Data entries
◆ ◆ ◆ ◆

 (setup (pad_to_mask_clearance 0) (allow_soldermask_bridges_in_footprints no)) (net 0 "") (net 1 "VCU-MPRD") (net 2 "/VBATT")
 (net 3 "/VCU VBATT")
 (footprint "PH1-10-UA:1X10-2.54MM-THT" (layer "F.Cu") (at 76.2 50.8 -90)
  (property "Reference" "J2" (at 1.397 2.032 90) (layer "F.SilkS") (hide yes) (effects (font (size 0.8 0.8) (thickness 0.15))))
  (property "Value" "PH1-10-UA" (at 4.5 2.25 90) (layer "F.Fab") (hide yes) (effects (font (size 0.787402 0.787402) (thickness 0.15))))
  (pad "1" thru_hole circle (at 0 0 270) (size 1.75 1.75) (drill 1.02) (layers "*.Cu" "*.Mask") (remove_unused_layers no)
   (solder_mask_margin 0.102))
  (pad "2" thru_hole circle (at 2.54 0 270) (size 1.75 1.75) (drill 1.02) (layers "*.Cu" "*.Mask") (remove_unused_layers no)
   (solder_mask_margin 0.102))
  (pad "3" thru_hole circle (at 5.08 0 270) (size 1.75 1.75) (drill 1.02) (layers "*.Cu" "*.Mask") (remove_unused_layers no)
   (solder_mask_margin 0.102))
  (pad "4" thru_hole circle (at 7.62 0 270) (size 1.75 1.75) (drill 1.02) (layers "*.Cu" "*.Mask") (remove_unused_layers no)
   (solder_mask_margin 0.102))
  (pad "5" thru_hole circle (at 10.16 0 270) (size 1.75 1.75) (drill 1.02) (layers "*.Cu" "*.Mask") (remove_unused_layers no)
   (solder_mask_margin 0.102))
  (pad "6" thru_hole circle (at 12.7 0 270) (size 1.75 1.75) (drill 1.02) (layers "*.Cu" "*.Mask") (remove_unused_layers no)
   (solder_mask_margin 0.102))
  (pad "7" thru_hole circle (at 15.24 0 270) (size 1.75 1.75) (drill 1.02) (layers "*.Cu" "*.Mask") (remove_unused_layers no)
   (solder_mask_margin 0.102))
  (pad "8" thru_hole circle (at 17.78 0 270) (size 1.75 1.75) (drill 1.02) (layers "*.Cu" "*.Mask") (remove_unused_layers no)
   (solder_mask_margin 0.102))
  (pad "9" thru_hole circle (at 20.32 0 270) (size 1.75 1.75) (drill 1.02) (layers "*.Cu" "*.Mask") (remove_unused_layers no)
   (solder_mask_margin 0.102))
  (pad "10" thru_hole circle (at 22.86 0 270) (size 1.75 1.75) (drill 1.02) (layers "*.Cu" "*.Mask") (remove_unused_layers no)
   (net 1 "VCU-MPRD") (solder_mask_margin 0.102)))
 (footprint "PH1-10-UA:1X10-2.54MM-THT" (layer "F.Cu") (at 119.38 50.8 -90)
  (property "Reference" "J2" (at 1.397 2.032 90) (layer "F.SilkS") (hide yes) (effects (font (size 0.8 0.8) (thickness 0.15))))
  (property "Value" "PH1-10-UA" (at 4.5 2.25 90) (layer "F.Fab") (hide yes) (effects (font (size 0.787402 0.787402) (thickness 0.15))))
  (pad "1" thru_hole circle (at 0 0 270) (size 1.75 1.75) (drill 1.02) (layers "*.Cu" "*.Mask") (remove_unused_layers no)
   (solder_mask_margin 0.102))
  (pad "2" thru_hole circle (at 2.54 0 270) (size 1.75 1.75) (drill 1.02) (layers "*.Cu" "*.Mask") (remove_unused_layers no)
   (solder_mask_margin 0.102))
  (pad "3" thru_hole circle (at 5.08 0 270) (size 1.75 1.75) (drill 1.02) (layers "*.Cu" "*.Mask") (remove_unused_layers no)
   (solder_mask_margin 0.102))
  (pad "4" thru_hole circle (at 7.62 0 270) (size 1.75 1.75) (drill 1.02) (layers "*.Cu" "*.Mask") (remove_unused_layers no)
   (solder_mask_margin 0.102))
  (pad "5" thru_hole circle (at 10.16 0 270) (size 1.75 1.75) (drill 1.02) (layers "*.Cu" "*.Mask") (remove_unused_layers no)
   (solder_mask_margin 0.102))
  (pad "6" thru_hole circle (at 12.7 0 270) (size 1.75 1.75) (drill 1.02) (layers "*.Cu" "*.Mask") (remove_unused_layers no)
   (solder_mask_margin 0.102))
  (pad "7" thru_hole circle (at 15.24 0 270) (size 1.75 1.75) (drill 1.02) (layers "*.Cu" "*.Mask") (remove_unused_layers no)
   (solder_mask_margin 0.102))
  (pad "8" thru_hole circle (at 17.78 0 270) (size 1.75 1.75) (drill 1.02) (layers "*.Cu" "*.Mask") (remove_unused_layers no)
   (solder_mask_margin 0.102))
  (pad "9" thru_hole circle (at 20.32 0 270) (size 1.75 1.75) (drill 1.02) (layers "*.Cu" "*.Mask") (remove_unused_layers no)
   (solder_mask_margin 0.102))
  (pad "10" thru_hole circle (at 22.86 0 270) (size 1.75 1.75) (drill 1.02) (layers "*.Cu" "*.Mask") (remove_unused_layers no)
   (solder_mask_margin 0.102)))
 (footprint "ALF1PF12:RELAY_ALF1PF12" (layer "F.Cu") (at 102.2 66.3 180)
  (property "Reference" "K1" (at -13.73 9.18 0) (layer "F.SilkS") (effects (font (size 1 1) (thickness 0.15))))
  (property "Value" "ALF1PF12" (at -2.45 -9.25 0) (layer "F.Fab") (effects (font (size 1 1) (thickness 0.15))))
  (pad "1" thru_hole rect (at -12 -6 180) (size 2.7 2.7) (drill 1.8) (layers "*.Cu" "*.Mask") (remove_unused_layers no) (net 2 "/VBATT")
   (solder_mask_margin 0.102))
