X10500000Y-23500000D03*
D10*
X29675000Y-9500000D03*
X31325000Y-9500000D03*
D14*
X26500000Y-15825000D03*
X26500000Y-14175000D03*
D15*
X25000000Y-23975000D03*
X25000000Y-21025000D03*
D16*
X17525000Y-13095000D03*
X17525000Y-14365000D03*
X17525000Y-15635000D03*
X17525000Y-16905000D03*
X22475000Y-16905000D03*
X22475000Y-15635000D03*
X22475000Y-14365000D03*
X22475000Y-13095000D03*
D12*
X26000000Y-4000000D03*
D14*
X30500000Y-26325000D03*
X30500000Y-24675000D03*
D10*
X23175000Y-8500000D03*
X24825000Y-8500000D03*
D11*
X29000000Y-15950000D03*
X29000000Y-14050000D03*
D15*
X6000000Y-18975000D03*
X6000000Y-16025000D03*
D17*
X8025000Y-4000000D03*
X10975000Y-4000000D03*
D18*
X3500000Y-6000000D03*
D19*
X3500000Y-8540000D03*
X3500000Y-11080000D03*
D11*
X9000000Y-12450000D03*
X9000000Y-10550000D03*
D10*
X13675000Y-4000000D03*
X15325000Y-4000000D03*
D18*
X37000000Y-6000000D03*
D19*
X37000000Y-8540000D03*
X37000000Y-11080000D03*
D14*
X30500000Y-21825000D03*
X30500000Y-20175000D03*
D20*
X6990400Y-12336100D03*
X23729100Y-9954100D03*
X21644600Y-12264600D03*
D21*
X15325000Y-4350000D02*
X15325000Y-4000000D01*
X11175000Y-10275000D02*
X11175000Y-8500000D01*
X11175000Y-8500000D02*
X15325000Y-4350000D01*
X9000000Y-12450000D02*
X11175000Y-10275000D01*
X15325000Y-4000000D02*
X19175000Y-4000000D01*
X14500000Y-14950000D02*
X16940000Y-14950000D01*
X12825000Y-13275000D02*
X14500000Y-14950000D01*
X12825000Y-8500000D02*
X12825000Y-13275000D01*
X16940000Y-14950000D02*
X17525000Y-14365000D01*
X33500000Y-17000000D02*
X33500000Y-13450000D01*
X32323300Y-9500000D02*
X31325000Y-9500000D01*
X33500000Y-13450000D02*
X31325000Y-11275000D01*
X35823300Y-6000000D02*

◆ ◆ ◆ ◆

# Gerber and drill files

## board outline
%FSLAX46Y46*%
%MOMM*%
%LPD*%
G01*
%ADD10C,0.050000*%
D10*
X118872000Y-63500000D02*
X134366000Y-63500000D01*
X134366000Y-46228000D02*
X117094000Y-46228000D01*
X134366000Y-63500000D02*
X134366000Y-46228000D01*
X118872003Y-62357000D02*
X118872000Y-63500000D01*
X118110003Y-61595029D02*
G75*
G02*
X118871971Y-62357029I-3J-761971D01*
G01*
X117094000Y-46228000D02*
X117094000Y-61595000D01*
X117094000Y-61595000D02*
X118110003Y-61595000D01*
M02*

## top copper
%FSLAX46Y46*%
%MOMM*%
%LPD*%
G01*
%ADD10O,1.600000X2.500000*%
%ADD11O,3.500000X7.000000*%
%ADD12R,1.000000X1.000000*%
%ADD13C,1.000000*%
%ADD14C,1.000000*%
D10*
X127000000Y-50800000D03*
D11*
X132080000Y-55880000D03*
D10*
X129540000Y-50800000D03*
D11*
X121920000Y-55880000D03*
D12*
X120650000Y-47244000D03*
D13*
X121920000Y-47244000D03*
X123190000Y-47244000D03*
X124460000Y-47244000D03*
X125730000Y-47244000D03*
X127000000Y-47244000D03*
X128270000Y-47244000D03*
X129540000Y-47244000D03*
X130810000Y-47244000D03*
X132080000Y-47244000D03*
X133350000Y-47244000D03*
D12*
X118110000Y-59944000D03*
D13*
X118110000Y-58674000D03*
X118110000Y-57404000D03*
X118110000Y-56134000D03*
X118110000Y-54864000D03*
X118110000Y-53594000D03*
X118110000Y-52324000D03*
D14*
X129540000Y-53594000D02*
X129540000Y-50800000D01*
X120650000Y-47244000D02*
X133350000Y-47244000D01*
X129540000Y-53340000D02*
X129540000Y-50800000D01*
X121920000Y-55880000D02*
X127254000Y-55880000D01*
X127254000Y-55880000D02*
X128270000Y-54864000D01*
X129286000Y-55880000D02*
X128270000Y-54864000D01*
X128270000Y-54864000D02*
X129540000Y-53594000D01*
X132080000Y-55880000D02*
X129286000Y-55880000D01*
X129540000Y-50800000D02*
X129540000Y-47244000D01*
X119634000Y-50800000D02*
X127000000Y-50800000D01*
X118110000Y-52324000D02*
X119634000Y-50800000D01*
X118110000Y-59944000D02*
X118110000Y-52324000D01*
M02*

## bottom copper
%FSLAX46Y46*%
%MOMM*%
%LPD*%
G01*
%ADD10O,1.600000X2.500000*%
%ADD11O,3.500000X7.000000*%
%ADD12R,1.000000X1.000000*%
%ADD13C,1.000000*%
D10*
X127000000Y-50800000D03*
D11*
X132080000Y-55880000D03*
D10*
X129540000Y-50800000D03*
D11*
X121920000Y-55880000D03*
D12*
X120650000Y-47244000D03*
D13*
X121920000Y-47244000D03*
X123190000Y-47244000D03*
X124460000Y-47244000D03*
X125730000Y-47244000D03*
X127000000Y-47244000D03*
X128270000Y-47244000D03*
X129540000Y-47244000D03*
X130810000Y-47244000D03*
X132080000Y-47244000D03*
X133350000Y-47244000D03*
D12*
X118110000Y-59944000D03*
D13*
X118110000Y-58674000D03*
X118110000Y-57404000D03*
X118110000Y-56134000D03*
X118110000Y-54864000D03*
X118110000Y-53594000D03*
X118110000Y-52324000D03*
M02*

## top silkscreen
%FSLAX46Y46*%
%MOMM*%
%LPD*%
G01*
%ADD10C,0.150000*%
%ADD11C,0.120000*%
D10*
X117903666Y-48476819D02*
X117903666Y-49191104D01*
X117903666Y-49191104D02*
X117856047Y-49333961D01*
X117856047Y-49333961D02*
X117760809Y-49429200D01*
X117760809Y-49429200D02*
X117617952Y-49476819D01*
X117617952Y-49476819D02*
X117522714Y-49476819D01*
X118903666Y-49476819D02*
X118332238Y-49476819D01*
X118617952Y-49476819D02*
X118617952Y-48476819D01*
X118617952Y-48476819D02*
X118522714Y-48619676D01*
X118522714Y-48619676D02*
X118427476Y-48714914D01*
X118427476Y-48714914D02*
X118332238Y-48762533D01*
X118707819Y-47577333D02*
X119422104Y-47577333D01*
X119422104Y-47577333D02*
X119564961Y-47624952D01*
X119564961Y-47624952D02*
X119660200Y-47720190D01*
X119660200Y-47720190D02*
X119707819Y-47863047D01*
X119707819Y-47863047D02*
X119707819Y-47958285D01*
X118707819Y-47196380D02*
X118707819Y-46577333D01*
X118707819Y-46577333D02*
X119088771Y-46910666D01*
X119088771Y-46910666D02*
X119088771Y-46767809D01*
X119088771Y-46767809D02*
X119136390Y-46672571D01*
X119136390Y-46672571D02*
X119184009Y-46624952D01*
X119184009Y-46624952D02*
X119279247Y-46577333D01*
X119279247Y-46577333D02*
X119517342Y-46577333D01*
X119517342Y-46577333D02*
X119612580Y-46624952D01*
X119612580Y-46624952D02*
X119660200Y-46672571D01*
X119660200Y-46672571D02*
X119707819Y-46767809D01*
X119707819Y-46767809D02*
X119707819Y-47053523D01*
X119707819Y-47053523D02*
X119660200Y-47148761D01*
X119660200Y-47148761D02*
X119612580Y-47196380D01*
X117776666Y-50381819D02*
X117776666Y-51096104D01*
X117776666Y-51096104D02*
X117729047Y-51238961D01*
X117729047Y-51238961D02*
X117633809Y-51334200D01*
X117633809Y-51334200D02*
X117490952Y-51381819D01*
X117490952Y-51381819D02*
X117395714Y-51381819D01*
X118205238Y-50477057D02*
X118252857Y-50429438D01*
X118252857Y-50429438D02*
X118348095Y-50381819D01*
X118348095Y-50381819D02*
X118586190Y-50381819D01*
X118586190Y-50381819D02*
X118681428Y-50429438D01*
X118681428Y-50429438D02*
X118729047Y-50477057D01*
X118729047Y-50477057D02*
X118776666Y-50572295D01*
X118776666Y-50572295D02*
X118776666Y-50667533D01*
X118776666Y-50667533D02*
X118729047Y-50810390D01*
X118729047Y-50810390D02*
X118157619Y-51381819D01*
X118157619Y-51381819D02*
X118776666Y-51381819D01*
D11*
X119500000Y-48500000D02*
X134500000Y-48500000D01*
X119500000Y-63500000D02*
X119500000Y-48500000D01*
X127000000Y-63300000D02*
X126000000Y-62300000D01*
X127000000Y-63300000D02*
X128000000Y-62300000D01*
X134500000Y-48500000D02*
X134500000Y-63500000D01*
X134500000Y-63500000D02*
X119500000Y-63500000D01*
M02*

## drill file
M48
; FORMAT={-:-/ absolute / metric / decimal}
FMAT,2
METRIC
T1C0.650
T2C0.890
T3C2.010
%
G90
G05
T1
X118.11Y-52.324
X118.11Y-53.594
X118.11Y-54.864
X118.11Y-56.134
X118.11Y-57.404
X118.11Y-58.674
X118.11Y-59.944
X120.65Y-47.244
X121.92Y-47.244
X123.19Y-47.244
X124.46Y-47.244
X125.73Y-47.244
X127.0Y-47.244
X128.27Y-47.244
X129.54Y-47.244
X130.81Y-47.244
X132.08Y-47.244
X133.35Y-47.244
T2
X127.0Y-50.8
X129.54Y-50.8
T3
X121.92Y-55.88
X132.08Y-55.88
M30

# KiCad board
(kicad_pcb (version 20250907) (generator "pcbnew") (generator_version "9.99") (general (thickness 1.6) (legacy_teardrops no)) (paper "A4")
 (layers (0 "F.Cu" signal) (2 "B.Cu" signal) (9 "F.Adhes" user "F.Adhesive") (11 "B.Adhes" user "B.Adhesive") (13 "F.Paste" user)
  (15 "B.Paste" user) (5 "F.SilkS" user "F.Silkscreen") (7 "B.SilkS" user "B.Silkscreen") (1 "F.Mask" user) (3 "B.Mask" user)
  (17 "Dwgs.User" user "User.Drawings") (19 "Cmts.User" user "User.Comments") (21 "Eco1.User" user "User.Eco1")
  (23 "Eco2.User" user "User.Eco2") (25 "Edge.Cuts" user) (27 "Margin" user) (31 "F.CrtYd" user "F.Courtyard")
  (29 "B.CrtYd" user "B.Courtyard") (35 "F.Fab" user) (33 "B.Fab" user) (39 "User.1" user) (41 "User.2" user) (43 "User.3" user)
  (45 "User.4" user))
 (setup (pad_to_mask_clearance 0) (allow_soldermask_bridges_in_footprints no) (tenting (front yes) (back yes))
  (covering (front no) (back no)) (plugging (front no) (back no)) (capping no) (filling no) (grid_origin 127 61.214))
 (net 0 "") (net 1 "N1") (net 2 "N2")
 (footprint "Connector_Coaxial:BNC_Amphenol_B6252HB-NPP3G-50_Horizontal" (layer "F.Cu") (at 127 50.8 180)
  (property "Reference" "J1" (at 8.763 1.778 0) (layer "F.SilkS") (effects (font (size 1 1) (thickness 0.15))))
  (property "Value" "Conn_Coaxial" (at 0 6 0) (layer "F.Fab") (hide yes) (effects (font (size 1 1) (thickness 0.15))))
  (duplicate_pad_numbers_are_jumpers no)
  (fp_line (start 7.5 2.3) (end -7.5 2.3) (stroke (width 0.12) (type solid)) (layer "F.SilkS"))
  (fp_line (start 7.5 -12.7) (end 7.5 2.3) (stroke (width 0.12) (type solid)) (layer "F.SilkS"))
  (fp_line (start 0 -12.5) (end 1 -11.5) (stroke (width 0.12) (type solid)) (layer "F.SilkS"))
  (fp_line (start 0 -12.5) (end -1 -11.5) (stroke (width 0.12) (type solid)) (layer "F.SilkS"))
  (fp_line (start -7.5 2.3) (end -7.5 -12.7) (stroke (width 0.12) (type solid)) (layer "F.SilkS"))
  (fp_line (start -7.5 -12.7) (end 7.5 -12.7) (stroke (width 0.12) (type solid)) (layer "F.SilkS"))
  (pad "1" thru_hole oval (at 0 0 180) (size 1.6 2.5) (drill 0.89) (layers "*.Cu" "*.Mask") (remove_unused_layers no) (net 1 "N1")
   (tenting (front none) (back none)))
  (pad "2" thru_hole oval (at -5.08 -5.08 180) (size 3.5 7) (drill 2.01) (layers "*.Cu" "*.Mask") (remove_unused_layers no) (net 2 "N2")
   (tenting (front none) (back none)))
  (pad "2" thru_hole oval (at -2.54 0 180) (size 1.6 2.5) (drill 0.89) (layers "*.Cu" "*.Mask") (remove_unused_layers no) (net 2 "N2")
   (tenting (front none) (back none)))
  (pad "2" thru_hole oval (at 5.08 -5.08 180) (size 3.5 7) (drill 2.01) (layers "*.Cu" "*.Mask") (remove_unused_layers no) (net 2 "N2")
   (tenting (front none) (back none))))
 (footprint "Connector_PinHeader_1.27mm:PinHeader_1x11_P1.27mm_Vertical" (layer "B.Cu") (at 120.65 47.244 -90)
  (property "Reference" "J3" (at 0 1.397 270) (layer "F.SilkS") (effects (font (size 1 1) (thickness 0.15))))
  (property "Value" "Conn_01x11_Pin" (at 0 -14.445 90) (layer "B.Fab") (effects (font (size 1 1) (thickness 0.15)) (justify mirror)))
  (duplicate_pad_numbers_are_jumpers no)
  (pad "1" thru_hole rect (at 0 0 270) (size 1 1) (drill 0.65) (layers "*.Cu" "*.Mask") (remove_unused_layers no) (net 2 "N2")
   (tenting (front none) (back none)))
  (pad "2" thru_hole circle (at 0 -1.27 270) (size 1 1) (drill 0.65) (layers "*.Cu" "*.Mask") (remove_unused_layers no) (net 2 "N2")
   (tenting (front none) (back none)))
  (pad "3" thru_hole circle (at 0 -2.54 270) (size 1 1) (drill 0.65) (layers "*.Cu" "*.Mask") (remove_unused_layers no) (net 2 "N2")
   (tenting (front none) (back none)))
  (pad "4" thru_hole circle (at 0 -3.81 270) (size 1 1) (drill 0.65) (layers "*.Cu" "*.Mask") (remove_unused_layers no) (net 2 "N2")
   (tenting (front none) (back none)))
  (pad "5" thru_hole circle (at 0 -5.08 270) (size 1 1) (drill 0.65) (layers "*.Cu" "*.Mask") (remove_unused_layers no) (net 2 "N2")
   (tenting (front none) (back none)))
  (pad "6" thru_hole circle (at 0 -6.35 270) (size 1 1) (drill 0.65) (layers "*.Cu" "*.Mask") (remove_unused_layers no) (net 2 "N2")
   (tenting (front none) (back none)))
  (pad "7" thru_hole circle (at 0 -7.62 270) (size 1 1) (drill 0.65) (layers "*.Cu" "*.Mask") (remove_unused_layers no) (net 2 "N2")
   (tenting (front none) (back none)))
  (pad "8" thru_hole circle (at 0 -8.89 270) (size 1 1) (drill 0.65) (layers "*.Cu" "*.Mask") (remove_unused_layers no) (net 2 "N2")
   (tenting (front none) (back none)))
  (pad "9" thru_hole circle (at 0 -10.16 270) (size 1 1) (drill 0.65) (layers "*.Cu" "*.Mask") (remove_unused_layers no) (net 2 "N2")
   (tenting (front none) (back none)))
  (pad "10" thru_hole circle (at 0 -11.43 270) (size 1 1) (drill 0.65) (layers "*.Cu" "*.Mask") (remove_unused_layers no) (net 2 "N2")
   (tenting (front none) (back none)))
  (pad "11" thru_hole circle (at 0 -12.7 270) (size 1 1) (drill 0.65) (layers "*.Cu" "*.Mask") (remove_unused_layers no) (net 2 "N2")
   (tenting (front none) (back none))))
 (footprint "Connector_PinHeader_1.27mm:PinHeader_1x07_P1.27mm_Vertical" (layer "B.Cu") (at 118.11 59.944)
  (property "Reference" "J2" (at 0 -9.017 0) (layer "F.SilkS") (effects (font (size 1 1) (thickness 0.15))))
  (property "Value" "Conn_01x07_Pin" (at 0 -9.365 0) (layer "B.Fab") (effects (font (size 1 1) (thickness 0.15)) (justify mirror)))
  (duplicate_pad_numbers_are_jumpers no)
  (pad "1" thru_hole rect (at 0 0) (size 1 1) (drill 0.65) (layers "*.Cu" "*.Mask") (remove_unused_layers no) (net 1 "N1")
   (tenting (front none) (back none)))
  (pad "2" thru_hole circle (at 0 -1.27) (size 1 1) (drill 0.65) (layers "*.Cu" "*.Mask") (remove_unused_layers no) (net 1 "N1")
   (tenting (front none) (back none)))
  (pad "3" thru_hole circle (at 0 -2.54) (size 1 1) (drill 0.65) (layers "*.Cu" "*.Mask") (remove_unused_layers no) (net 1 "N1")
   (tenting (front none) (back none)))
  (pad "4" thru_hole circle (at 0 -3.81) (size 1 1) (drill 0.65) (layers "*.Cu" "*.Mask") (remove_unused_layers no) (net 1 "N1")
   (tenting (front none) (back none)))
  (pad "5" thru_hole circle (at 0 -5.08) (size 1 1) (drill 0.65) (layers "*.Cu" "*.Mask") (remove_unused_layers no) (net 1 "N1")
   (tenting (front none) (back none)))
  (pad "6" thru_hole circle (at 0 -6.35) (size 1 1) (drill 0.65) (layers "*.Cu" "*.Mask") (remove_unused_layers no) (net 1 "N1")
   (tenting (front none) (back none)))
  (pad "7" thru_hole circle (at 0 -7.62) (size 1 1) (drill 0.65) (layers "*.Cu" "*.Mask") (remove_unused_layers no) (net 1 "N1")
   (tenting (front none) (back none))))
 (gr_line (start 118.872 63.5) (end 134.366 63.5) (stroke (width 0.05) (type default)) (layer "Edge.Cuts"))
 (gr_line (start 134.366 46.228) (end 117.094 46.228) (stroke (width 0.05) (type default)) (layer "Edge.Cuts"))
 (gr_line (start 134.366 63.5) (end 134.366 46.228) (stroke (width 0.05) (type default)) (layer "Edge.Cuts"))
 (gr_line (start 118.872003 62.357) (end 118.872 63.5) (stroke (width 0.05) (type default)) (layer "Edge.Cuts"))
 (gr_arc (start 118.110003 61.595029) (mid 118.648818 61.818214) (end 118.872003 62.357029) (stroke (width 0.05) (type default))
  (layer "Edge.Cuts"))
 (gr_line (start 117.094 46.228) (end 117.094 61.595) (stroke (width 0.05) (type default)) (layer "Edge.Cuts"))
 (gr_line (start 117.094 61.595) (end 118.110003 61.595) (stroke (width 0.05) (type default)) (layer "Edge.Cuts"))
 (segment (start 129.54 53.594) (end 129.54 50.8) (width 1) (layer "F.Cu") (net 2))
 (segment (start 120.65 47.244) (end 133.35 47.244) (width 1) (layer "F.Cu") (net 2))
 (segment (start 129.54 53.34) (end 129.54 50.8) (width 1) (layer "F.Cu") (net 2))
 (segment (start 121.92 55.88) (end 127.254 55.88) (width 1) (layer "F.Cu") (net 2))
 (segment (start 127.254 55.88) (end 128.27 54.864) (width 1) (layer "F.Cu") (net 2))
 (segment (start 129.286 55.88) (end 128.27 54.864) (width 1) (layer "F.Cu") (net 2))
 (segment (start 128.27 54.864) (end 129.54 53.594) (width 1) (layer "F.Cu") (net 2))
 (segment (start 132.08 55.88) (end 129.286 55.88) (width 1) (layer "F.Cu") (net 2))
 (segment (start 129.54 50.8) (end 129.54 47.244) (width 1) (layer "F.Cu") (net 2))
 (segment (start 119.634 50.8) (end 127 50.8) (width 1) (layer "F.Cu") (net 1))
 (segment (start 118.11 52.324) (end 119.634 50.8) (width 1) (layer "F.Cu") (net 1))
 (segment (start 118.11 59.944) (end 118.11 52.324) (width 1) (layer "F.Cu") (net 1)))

◆ ◆ ◆ ◆

▶ PROBLEM TO WORK ON
Answer only with the count of lines in the records that include the string "mirror".

▶ RESULT OF THIS TASK
2